*** RECORDED INFORMATION
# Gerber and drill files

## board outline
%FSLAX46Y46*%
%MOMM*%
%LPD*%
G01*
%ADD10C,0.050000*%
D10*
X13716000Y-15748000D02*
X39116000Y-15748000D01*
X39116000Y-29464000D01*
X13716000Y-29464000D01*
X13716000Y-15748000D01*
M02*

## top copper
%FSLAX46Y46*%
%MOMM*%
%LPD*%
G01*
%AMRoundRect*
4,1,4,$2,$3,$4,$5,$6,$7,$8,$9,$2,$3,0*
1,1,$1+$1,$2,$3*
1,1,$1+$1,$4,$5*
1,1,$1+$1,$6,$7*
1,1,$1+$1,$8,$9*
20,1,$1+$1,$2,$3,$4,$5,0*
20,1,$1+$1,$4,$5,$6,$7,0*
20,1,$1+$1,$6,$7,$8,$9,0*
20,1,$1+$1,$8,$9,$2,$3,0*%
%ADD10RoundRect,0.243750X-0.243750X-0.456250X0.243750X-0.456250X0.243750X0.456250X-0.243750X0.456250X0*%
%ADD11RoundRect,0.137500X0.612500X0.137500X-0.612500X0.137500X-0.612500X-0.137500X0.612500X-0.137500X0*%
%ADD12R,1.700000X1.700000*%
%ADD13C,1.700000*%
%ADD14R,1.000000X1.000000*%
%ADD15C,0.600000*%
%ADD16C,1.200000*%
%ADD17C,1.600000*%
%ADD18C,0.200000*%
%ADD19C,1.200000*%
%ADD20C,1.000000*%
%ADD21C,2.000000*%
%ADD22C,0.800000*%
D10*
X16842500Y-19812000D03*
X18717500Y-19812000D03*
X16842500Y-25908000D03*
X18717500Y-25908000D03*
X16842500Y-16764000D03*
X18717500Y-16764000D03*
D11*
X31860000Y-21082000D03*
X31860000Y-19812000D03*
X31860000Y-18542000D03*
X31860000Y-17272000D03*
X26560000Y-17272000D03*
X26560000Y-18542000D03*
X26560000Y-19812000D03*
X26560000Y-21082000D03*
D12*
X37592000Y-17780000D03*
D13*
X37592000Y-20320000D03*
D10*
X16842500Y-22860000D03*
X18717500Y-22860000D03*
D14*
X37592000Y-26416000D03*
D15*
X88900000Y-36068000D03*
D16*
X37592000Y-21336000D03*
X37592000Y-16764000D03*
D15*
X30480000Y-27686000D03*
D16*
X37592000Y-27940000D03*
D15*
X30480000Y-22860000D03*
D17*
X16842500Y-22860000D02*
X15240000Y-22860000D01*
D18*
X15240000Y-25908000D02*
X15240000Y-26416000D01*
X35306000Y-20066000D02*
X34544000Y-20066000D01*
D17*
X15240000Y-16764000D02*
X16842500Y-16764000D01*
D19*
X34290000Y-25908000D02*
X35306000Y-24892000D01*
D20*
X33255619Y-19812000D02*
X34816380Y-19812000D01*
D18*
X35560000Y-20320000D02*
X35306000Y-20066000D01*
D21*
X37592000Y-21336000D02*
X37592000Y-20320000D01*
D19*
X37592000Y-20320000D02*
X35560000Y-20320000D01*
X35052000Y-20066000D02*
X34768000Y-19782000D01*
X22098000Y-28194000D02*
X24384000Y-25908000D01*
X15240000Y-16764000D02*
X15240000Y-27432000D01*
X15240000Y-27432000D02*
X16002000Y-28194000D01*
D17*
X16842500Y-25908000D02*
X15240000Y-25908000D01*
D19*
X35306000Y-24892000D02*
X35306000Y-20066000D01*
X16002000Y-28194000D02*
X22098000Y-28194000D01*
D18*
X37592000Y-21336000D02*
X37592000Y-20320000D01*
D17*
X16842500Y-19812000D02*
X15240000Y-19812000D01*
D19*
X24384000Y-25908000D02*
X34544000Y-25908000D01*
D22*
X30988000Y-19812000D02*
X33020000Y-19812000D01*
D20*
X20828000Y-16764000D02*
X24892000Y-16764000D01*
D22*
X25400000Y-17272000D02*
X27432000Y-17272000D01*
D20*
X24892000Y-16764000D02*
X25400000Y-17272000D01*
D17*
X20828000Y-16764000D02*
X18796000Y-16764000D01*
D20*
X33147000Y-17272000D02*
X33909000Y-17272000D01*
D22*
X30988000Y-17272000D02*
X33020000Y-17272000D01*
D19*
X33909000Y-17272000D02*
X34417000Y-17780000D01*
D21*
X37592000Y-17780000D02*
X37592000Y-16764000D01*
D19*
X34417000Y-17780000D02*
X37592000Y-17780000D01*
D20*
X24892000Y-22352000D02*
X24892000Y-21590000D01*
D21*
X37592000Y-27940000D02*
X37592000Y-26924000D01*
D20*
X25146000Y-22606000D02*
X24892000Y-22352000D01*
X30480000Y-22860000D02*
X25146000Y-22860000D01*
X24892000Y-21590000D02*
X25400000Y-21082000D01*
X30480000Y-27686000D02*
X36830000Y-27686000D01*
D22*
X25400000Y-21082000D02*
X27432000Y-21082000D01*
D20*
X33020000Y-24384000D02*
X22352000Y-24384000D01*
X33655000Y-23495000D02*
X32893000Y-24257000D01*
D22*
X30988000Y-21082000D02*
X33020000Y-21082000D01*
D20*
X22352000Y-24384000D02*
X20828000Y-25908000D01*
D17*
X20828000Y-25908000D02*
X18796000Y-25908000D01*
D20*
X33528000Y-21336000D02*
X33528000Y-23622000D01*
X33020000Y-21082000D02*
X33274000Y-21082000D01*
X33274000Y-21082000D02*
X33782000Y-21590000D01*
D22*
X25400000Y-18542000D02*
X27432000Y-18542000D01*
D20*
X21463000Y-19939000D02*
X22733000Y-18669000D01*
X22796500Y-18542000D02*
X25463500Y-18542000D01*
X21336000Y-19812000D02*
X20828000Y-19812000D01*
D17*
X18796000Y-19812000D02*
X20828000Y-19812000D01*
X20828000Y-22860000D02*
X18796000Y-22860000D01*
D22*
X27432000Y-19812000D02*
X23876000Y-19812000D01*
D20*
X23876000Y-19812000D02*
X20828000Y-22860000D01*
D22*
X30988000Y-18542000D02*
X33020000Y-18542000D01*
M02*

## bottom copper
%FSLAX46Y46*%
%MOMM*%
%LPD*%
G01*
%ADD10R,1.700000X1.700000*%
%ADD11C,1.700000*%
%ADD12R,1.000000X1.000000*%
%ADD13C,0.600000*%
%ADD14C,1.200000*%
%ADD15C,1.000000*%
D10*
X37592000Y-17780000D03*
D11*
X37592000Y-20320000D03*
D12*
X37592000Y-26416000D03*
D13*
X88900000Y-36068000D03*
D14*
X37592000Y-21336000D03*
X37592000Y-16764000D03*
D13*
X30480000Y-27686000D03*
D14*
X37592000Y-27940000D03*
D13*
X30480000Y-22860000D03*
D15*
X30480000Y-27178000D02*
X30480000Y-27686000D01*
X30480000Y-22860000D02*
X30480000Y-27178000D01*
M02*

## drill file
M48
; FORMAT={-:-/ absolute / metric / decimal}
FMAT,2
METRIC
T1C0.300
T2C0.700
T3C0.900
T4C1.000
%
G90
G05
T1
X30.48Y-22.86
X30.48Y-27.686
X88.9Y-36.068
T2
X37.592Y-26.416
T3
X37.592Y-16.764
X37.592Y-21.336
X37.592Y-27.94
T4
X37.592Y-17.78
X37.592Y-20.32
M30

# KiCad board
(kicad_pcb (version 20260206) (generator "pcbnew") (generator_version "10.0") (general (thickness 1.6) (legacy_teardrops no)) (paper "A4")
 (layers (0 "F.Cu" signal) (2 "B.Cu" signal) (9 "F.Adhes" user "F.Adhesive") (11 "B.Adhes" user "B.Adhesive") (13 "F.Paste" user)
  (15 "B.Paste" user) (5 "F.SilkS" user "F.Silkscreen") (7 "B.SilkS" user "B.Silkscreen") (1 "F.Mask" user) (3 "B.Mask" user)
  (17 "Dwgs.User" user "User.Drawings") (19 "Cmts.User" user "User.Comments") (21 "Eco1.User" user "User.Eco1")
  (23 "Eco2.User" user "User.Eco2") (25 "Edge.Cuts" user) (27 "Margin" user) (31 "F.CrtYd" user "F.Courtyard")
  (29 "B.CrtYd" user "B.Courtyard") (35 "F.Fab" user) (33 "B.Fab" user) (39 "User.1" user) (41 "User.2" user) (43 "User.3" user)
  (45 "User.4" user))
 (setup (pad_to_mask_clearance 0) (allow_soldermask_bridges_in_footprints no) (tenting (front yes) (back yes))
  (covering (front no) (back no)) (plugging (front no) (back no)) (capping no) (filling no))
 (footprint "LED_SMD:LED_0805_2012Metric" (layer "F.Cu") (at 17.78 19.812)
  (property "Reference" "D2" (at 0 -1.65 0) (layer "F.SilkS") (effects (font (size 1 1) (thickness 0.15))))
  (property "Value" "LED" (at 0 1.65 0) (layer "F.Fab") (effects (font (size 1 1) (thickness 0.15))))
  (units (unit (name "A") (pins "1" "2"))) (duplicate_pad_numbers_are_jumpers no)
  (pad "1" smd roundrect (at -0.9375 0) (size 0.975 1.4) (layers "F.Cu" "F.Mask" "F.Paste") (roundrect_rratio 0.25) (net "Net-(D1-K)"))
  (pad "2" smd roundrect (at 0.9375 0) (size 0.975 1.4) (layers "F.Cu" "F.Mask" "F.Paste") (roundrect_rratio 0.25) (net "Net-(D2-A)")))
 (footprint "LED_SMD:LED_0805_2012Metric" (layer "F.Cu") (at 17.78 25.908)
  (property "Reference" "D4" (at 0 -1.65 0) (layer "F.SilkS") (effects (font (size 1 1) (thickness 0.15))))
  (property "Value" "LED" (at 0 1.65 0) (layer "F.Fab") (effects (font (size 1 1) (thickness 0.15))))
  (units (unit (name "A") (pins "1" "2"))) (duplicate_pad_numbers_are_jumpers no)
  (pad "1" smd roundrect (at -0.9375 0) (size 0.975 1.4) (layers "F.Cu" "F.Mask" "F.Paste") (roundrect_rratio 0.25) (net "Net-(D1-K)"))
  (pad "2" smd roundrect (at 0.9375 0) (size 0.975 1.4) (layers "F.Cu" "F.Mask" "F.Paste") (roundrect_rratio 0.25) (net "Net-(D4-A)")))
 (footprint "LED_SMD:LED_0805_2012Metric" (layer "F.Cu") (at 17.78 16.764)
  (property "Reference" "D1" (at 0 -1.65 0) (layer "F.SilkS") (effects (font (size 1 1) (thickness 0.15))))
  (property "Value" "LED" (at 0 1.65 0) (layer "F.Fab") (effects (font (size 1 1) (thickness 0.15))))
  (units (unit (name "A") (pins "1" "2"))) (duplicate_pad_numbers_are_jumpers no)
******
Copy out only the lines above from the one with "X34417000Y-17780000D01*" to the one with "X22352000Y-24384000D01*", inclusive, exactly as they stand.

X34417000Y-17780000D01*
D21*
X37592000Y-17780000D02*
X37592000Y-16764000D01*
D19*
X34417000Y-17780000D02*
X37592000Y-17780000D01*
D20*
X24892000Y-22352000D02*
X24892000Y-21590000D01*
D21*
X37592000Y-27940000D02*
X37592000Y-26924000D01*
D20*
X25146000Y-22606000D02*
X24892000Y-22352000D01*
X30480000Y-22860000D02*
X25146000Y-22860000D01*
X24892000Y-21590000D02*
X25400000Y-21082000D01*
X30480000Y-27686000D02*
X36830000Y-27686000D01*
D22*
X25400000Y-21082000D02*
X27432000Y-21082000D01*
D20*
X33020000Y-24384000D02*
X22352000Y-24384000D01*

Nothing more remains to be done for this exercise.